All of the Top 10 films of 2022 appear in other categories, as well. The biggest victory that took place in any one category this time around was for the film that placed first in the Best First Feature category, “Aftersun.” Charlotte Wells’ debut placed first on 82 ballots for Best First Feature, about half of all voters declaring it such. It also placed at No. 2 on the overall Best Film list (and at No. 1 on the IndieWire staff’s own list), as well as at No. 5 for Wells as Best Director, No. 8 for Paul Mescal in Best Performance, and No. 4 for Best Screenplay. Strikingly, neither the No. 1 nor No. 2 film from the overall Best Film list, “TÁR” and “Aftersun,” appeared on the Best Cinematography list.

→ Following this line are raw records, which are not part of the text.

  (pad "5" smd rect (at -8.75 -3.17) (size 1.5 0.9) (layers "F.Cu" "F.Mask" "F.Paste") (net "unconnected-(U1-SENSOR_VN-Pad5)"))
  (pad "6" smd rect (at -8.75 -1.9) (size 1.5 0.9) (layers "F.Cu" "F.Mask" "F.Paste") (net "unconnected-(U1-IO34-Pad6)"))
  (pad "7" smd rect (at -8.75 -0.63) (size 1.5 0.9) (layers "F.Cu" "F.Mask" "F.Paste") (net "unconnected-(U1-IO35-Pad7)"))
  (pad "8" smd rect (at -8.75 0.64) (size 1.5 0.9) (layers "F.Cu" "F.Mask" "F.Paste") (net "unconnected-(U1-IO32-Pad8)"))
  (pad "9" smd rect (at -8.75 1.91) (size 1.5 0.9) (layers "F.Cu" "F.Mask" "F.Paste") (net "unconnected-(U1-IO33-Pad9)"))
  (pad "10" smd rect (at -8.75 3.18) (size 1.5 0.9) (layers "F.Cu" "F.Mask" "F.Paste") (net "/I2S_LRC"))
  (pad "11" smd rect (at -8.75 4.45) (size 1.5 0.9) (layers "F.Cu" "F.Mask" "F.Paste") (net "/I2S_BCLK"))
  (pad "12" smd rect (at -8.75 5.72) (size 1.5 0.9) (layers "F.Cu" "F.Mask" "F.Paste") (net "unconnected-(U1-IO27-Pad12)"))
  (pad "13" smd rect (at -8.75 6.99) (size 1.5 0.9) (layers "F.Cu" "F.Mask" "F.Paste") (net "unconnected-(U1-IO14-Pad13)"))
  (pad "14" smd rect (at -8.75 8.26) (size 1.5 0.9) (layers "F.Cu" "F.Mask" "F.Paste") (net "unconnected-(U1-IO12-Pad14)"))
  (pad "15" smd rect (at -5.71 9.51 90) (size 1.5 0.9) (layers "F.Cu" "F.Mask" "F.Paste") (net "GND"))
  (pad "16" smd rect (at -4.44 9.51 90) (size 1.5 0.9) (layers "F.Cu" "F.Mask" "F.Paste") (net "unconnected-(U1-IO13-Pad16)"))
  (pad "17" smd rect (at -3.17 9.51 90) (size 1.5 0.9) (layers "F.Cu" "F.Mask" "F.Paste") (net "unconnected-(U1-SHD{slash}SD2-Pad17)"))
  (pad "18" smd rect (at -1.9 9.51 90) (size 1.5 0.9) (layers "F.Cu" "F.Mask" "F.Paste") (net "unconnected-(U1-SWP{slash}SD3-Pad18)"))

The power of festivals was on display once again in the Top 10 list, with “TÁR” making its debut at Venice, then Telluride, and then for a rhapsodic reception at the New York Film Festival where its Jimmy Levine joke landed with particular force among the Lincoln Center crowd. “Aftersun” premiered at Critics’ Week at Cannes in May, followed then by bows at Telluride, TIFF, and NYFF.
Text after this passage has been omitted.